▶ _Task to carry out_
Throughout the records below, find each line holding "unlocked" and copy it.

▶ _Records supplied_
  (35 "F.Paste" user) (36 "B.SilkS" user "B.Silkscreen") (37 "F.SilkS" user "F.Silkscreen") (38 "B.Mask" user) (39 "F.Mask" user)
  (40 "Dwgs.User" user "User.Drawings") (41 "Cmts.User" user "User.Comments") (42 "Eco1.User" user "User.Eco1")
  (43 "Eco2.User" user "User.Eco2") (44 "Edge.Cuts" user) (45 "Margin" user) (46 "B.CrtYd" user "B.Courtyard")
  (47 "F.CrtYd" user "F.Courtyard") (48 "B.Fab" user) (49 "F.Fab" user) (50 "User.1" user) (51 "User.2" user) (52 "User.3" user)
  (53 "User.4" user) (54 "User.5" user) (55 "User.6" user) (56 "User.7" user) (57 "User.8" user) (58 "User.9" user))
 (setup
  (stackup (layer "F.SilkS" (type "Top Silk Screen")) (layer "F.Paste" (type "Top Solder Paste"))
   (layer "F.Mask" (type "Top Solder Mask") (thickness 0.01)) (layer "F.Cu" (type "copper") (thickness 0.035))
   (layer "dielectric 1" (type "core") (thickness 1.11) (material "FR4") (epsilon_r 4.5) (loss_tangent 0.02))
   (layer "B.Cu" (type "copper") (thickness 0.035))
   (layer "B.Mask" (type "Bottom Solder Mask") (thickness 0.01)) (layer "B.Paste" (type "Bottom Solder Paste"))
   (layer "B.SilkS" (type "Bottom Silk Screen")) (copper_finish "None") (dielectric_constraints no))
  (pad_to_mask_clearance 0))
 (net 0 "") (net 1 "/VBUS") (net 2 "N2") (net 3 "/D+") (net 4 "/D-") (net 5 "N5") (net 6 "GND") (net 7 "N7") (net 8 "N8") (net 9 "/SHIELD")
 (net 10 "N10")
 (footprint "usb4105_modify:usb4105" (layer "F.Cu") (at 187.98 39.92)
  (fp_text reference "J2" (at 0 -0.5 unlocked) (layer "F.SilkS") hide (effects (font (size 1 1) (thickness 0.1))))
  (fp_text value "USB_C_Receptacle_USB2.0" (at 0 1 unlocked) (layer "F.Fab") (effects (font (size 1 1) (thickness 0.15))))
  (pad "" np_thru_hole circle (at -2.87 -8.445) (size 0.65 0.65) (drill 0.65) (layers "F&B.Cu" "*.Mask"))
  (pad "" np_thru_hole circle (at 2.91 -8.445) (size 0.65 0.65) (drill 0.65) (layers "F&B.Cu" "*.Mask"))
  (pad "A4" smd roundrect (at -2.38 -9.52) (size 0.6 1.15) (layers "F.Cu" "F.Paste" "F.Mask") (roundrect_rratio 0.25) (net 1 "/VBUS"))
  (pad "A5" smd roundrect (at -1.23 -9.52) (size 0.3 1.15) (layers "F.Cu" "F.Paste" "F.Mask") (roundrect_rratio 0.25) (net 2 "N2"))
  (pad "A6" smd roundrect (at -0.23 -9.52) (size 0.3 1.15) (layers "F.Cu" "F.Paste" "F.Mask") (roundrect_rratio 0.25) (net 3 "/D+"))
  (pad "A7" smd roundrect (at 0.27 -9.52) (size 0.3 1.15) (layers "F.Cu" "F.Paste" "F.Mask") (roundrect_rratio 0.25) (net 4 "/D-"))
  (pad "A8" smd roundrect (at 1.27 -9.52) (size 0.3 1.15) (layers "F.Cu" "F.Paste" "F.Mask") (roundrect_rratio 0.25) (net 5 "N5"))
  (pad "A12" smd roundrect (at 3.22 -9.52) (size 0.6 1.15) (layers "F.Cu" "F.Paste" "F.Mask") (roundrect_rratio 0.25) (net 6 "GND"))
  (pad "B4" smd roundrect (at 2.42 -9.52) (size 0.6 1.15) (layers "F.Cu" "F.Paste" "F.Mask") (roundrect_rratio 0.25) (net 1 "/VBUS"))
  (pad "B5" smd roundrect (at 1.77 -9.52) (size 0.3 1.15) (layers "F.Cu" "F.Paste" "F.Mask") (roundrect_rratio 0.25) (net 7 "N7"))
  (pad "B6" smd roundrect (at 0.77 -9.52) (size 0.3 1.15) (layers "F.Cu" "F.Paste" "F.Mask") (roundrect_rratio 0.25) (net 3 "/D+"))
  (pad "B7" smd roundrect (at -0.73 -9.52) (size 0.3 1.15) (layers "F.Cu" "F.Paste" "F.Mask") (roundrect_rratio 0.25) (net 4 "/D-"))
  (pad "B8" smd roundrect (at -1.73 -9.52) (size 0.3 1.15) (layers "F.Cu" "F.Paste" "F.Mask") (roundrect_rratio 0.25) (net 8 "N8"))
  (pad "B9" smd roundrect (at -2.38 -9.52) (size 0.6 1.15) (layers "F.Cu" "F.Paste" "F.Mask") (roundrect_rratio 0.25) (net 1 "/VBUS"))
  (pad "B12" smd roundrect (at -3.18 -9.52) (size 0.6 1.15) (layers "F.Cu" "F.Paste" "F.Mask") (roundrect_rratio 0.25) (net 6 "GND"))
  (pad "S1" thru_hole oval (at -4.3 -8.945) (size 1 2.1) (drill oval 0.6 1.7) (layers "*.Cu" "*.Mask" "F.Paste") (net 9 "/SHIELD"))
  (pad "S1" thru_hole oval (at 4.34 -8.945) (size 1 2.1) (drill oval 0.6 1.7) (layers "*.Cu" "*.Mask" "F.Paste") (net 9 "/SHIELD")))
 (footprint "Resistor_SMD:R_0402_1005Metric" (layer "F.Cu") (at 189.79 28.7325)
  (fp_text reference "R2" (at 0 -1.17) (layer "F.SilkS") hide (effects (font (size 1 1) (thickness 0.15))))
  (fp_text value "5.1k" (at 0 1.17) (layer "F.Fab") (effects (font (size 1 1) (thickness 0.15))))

▶ _Output_
  (fp_text reference "J2" (at 0 -0.5 unlocked) (layer "F.SilkS") hide (effects (font (size 1 1) (thickness 0.1))))
  (fp_text value "USB_C_Receptacle_USB2.0" (at 0 1 unlocked) (layer "F.Fab") (effects (font (size 1 1) (thickness 0.15))))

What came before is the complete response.